Monday, Jun. 28, 1982
Guidelines For the Merger Thicket
The Justice Department issues new antitrust regulations
Will this merger tend to create a monopoly or will it further competition? That simple question can often lead to a bewilderingly complex discussion among economists and antitrust lawyers about what exactly constitutes a market. Whether the product in question is shoes or steel, it is first necessary to size up the market before deciding whether or not a merger or acquisition endangers competition.
Last week the Justice Department took an important step toward clearing up the confusion. In the first major revision of antitrust guidelines since 1968, Attorney General William French Smith released a 44-page document designed to help businessmen determine whether a merger or takeover effort is likely to be challenged by the Government.
If nothing else, the new rules should prevent some wasted effort in takeover battles. Since 1979, American businesses have spent $182 billion to merge with or acquire other firms. Companies, though, often complete a deal only to have Washington veto it as anticompetitive. Last year Mobil Corp. announced plans to spend an estimated $6.5 billion in what eventually turned out to be a futile struggle to acquire Marathon Oil Co. The takeover was blocked in federal court because it was decided that such a merger would have an adverse effect on competition in gasoline retailing in the Midwest.
The biggest single change in the new guidelines deals with the way markets are to be measured and how the concentration of a market is judged. Says Lawrence J. White, director of the economic policy office of the Justice Department: "Our concern here is with mergers that would tend to have an anticompetitive effect. If the effect is not significant, the merger would not fall within the boundaries of our interest."
To judge what is "significant," the guidelines use the so-called Herfindahl index, a mathematical formula developed by the late Orris C. Herfindahl, a Washington economist. Traditionally, antitrust lawyers have relied on a rule-of-thumb approach. It was believed that the Justice Department would permit any mergers that did not concentrate 75% or more of a particular market in the hands of four or fewer companies. The Herfindahl index sets up a clearer, although more complex, set of guidelines.

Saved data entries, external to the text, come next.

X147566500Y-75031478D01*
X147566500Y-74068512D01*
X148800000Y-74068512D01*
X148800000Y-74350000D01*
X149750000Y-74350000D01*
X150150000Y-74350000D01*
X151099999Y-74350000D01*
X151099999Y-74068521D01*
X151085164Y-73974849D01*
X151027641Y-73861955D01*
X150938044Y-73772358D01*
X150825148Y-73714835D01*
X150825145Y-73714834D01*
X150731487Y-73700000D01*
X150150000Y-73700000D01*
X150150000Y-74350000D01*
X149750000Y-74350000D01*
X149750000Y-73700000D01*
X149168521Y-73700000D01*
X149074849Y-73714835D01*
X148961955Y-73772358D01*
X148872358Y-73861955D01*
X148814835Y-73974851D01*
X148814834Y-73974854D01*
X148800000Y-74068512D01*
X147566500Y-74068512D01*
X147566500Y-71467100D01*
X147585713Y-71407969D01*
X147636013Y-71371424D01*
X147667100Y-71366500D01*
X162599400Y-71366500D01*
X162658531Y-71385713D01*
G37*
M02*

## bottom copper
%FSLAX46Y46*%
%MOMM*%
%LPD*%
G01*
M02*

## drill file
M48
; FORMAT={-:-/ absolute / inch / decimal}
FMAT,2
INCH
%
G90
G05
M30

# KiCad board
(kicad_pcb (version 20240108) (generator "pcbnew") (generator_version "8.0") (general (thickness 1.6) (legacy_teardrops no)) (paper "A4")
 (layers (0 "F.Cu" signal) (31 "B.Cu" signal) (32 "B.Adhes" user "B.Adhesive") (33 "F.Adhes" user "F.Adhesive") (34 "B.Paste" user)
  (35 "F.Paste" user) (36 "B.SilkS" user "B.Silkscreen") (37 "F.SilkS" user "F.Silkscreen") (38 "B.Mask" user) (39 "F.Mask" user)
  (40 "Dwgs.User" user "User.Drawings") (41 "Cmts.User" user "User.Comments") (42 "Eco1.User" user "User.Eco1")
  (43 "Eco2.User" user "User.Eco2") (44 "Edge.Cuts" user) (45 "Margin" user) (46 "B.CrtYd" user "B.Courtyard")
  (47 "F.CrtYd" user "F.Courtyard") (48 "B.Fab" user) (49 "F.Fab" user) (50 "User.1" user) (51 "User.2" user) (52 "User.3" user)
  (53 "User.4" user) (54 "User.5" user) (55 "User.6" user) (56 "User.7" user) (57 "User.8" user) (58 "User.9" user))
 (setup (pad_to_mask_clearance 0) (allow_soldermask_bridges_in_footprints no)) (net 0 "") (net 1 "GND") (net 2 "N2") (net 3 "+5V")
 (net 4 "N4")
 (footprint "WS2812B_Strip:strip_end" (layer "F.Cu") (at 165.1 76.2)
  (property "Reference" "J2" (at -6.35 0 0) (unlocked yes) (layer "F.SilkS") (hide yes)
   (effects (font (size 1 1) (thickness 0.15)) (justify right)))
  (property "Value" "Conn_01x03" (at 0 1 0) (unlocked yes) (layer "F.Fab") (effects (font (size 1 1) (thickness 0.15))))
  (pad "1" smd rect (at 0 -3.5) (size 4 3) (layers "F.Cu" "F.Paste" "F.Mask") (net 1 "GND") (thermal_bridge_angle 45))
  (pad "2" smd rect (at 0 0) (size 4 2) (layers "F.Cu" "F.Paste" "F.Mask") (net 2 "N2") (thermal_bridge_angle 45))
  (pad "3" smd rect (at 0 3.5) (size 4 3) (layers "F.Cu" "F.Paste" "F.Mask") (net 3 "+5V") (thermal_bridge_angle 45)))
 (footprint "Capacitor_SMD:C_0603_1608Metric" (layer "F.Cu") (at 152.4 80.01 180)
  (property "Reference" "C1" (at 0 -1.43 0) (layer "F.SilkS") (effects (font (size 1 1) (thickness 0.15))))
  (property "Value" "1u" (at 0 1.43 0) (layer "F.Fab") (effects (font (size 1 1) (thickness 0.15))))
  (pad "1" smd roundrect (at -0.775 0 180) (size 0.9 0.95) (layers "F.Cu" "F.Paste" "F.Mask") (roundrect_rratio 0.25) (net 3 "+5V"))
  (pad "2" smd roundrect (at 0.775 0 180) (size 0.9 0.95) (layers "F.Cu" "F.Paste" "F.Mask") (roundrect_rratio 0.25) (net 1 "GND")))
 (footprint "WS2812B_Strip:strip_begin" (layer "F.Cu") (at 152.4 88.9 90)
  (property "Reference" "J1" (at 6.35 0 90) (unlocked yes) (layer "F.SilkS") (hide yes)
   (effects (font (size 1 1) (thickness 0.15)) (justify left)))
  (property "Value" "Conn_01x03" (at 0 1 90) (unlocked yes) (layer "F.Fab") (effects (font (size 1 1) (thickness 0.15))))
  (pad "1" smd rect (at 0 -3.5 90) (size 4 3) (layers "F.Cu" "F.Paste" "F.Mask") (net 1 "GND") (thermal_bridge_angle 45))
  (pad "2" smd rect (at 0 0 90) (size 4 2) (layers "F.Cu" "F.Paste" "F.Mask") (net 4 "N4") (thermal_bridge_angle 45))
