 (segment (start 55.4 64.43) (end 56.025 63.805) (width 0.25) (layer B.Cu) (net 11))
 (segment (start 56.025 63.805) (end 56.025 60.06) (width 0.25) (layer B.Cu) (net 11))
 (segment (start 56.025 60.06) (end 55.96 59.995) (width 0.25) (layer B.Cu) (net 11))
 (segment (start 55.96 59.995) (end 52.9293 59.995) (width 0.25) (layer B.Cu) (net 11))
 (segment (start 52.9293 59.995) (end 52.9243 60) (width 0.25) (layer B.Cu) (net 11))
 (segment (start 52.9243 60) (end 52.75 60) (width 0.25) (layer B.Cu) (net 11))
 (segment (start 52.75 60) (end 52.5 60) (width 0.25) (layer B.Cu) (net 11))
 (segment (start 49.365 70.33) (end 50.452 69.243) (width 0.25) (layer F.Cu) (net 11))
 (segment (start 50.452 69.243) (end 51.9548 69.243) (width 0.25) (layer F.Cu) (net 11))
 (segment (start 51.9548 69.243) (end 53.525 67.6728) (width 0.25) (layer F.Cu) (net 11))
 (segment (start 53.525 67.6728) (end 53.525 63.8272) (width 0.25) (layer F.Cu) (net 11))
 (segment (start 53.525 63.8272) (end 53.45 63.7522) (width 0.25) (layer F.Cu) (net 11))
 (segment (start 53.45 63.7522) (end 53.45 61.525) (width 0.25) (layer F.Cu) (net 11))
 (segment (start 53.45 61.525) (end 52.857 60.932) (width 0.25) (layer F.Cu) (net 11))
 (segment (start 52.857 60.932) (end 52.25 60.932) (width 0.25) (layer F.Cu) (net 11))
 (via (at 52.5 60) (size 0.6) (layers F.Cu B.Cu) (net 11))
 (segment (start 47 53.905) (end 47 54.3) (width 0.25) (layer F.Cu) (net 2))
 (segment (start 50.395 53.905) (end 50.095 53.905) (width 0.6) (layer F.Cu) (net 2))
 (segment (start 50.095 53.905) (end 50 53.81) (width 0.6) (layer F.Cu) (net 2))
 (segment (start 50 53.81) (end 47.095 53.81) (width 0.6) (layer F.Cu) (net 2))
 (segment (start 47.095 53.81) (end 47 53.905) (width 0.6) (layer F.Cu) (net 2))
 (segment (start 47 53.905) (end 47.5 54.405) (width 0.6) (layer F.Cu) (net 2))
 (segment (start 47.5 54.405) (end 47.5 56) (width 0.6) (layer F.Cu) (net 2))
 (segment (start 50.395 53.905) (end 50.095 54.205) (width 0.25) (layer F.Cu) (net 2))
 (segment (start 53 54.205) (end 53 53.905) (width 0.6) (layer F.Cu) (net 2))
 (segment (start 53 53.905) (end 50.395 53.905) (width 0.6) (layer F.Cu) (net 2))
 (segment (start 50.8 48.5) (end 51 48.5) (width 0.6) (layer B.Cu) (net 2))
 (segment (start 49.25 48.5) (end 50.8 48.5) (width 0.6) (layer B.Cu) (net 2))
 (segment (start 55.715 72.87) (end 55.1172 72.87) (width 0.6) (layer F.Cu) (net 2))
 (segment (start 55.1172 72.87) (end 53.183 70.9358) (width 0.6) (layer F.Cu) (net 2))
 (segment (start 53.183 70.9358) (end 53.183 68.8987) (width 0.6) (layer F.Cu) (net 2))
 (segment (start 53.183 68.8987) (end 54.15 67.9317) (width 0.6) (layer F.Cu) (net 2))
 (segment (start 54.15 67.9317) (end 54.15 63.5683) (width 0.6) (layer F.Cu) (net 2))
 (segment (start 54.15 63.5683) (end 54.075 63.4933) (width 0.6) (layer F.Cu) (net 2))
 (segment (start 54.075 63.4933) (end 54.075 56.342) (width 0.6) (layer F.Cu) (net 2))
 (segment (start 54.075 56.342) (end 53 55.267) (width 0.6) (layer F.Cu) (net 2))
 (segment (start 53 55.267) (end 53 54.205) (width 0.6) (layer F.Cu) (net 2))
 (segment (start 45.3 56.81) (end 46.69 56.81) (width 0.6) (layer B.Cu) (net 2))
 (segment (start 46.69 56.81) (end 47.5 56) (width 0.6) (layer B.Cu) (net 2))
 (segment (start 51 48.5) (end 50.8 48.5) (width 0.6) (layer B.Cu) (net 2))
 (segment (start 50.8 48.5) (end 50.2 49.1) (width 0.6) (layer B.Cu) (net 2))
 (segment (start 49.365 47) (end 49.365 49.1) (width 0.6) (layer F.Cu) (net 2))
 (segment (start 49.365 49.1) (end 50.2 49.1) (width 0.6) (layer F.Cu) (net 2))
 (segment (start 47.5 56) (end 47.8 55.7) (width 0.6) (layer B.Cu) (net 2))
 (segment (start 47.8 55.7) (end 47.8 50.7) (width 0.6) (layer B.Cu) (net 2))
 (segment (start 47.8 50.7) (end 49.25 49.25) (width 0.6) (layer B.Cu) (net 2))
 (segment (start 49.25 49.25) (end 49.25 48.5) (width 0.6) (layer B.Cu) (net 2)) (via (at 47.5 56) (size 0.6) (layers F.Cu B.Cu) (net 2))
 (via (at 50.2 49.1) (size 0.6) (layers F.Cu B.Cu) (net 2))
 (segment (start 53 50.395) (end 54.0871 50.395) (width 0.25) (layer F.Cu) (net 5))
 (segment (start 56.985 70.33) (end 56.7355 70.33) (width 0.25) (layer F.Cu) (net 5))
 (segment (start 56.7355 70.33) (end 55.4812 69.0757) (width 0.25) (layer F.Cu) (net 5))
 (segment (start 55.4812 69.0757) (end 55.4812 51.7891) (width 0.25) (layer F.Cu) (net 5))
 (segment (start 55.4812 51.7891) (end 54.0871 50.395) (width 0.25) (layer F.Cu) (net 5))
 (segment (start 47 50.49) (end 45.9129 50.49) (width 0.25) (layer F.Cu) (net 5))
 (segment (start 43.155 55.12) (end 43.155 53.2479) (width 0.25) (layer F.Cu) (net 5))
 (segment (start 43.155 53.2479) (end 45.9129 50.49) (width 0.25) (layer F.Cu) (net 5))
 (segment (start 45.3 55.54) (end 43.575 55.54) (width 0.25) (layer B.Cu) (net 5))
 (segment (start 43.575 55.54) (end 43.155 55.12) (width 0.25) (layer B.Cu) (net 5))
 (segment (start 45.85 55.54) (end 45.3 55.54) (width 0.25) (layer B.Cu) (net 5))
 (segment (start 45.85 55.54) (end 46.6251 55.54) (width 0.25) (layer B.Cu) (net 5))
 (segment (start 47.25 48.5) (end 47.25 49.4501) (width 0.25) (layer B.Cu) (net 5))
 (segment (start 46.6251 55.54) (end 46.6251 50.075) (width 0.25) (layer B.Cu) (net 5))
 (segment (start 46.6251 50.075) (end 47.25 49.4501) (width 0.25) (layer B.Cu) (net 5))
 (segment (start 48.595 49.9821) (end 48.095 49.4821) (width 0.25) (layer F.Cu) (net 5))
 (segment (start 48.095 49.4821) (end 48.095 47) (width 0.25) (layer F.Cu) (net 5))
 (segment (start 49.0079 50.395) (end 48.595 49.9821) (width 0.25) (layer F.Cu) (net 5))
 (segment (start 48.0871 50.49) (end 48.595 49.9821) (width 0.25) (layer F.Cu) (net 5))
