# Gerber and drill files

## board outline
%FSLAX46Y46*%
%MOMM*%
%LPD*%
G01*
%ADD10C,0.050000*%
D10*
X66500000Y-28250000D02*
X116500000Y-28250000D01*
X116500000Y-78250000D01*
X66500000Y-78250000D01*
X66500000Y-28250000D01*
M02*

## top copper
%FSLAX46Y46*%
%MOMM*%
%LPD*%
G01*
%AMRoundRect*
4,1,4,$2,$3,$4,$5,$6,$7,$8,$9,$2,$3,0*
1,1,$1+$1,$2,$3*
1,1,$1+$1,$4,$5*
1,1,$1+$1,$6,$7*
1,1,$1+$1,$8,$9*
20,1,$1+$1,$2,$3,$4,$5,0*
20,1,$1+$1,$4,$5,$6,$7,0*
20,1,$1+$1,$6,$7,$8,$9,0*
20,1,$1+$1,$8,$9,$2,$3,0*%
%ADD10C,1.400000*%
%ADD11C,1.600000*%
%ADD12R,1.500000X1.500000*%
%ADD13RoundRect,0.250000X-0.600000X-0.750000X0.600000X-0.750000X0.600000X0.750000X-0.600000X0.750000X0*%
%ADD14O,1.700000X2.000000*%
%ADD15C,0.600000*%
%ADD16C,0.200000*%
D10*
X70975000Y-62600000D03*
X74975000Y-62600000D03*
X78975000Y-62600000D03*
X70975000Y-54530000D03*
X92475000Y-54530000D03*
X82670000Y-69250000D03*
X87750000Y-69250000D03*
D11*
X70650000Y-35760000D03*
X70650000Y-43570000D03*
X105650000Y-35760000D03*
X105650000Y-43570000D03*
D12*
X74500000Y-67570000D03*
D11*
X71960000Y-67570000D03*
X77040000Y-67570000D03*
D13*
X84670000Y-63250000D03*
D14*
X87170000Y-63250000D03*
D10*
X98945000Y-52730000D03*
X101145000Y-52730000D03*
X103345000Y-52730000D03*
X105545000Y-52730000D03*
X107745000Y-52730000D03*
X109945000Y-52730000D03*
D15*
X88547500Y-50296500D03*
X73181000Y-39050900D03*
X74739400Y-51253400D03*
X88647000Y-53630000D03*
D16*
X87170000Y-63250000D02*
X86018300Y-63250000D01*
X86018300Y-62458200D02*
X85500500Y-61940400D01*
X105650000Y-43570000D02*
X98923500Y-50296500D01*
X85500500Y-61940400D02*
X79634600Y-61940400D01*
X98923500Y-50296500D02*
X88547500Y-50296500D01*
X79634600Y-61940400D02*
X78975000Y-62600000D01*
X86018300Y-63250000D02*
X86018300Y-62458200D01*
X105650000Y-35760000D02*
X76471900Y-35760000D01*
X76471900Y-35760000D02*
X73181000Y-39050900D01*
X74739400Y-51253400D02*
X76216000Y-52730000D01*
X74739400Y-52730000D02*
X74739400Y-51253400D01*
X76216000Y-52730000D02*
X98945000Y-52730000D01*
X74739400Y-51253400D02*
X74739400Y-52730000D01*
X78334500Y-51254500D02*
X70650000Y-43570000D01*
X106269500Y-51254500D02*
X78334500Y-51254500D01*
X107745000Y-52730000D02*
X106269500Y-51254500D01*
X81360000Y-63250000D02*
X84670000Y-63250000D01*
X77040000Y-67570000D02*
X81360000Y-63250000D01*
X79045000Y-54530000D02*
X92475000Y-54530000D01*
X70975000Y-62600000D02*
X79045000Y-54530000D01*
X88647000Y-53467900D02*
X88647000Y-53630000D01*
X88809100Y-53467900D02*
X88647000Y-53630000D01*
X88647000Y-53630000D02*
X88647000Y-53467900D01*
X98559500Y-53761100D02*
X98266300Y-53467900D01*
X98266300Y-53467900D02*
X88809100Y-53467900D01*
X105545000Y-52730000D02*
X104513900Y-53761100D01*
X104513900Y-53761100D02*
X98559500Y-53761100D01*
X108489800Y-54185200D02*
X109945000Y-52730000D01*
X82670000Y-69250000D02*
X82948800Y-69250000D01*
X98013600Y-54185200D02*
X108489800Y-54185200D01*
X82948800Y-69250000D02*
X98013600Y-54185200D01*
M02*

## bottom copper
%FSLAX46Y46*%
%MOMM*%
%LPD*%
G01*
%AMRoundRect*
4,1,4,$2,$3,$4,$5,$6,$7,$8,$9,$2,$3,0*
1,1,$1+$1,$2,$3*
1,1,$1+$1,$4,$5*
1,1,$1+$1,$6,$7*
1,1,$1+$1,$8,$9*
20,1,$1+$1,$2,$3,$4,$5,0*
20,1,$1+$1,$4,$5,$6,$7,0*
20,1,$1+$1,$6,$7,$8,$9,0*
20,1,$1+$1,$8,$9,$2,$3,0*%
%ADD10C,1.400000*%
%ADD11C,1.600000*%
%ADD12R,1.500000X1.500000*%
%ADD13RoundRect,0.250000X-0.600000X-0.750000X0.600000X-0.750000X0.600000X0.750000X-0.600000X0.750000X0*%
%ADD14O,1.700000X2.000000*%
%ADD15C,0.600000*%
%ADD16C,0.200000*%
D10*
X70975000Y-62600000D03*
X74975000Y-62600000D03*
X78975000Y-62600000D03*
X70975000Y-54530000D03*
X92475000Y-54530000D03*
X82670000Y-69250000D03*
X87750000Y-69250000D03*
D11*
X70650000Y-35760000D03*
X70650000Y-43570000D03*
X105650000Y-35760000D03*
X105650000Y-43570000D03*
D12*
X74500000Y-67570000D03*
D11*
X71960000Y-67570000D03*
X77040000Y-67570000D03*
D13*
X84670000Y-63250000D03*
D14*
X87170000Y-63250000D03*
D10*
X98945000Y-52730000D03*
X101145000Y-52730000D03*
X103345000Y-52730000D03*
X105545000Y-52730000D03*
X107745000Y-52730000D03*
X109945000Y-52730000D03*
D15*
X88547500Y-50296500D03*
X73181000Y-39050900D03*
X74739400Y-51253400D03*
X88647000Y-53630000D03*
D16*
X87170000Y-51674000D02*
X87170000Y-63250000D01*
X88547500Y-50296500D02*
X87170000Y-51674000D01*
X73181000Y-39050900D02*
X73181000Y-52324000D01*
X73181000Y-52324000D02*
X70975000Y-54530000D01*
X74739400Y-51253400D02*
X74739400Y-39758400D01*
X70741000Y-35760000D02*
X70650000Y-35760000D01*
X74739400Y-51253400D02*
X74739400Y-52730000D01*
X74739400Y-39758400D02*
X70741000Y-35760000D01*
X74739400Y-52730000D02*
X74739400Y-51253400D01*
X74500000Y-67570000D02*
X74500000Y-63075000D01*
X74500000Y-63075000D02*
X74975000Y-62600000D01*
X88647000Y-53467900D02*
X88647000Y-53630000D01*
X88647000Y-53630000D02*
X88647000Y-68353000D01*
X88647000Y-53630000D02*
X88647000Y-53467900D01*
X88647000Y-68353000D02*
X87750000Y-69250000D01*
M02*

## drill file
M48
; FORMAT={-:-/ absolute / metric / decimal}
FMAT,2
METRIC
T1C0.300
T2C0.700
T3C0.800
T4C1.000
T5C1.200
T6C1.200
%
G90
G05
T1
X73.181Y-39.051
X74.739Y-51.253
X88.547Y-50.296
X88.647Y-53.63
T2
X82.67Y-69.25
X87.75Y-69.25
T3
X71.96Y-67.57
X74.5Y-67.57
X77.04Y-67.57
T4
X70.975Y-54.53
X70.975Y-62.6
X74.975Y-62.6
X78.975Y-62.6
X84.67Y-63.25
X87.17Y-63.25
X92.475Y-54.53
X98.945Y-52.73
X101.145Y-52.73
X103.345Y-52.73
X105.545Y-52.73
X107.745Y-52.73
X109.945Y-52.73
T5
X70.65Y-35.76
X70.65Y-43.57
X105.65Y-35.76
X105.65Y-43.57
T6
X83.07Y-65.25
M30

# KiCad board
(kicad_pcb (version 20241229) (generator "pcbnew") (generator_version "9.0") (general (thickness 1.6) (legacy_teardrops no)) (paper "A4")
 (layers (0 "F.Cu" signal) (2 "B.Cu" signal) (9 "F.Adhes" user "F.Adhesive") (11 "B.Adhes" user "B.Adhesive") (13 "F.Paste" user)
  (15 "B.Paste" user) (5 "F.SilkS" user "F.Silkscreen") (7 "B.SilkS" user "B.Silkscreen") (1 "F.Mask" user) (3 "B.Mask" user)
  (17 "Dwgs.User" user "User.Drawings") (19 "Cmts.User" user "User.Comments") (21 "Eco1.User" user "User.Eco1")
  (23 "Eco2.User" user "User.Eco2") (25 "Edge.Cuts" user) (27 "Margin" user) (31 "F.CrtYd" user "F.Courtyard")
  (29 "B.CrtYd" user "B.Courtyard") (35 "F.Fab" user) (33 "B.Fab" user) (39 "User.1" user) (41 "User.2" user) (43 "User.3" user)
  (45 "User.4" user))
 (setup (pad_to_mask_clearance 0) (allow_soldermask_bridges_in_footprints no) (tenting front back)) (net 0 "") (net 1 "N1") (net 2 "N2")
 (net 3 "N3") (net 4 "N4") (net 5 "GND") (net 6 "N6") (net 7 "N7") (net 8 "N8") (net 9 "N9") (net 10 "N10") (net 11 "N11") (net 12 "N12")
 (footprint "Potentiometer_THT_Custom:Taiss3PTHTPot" (layer "F.Cu") (at 69.475 64.8)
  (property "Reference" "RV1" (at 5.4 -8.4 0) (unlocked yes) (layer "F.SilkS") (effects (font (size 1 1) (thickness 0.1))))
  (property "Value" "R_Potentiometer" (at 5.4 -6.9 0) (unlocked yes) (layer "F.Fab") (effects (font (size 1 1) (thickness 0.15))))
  (pad "1" thru_hole circle (at 1.5 -2.2) (size 1.4 1.4) (drill 1) (layers "*.Cu" "*.Mask") (remove_unused_layers no) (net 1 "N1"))
  (pad "2" thru_hole circle (at 5.5 -2.2 90) (size 1.4 1.4) (drill 1) (layers "*.Cu" "*.Mask") (remove_unused_layers no) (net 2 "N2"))
  (pad "3" thru_hole circle (at 9.5 -2.2) (size 1.4 1.4) (drill 1) (layers "*.Cu" "*.Mask") (remove_unused_layers no) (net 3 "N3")))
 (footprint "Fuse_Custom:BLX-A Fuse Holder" (layer "F.Cu") (at 69.475 59.13)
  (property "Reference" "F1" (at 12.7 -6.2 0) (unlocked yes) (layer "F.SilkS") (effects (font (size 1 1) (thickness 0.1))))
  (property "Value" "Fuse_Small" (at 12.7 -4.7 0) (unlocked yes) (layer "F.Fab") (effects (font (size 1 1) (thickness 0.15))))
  (pad "1" thru_hole circle (at 1.5 -4.6) (size 1.4 1.4) (drill 1) (layers "*.Cu" "*.Mask") (remove_unused_layers no) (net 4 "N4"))
  (pad "2" thru_hole circle (at 23 -4.6) (size 1.4 1.4) (drill 1) (layers "*.Cu" "*.Mask") (remove_unused_layers no) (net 1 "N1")))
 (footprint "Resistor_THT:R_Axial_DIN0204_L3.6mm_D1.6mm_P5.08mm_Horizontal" (layer "F.Cu") (at 82.67 69.25)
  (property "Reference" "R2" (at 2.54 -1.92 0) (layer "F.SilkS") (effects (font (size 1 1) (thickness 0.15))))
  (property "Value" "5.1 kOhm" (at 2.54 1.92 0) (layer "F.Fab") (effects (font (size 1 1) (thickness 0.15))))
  (pad "1" thru_hole circle (at 0 0) (size 1.4 1.4) (drill 0.7) (layers "*.Cu" "*.Mask") (remove_unused_layers no) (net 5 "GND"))
  (pad "2" thru_hole circle (at 5.08 0) (size 1.4 1.4) (drill 0.7) (layers "*.Cu" "*.Mask") (remove_unused_layers no) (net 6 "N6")))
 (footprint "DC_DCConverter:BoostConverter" (layer "F.Cu") (at 69.65 48.26)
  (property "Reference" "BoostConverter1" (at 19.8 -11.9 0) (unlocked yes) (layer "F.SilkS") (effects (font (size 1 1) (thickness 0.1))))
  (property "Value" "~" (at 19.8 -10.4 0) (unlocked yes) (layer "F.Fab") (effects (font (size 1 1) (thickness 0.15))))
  (pad "1" thru_hole circle (at 1 -12.5) (size 1.6 1.6) (drill 1.2) (layers "*.Cu" "*.Mask") (remove_unused_layers no) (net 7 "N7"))
  (pad "2" thru_hole circle (at 1 -4.69) (size 1.6 1.6) (drill 1.2) (layers "*.Cu" "*.Mask") (remove_unused_layers no) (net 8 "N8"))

Calculating the index sounds difficult, but is really quite easy. The formula is applied by adding together the sum of the mathematical squares of every company's market share in a particular industry or business. For example, if five companies each have 20% of a market, the Herfindahl index for that market would be 2,000. A merger of two of those companies, though, would automatically push the index to 2,800, and the 800-point increase would almost certainly provoke a challenge under the new guidelines. By contrast, the index for a market in which 20 companies each have 5% of the business would total 500. A merger between two of them would increase the index to only 550, an acceptable limit.
Though Reagan Administration critics quickly attacked the new rules as too lenient to Big Business, there seems little likelihood that the regulations will unleash a new wave of Wall Street merger mania. They actually just put down in a more formal fashion the policy followed by the Reagan Administration during the past year and a half.
In fact, last week, even as the new regulations were going into effect, the Justice Department announced that it would move to block the G. Heileman Brewing Co. of La Crosse, Wis., from acquiring Pabst Brewing of Milwaukee. It was the second time in the past year that the department had refused to permit Heileman, the fourth largest American brewer, to take over another beer company. In October, Washington stopped its drive to acquire the Jos. Schlitz Brewing Co. Last week the Justice Department ruled against Heileman's offer to pay $24 per share for Pabst, the fifth largest U.S. brewer. While the Reagan White House is more amenable to mergers than the past few Administrations, not all takeovers can count on its blessing. After the publication of the merger guidelines last week, the rules of the game will now be a little clearer.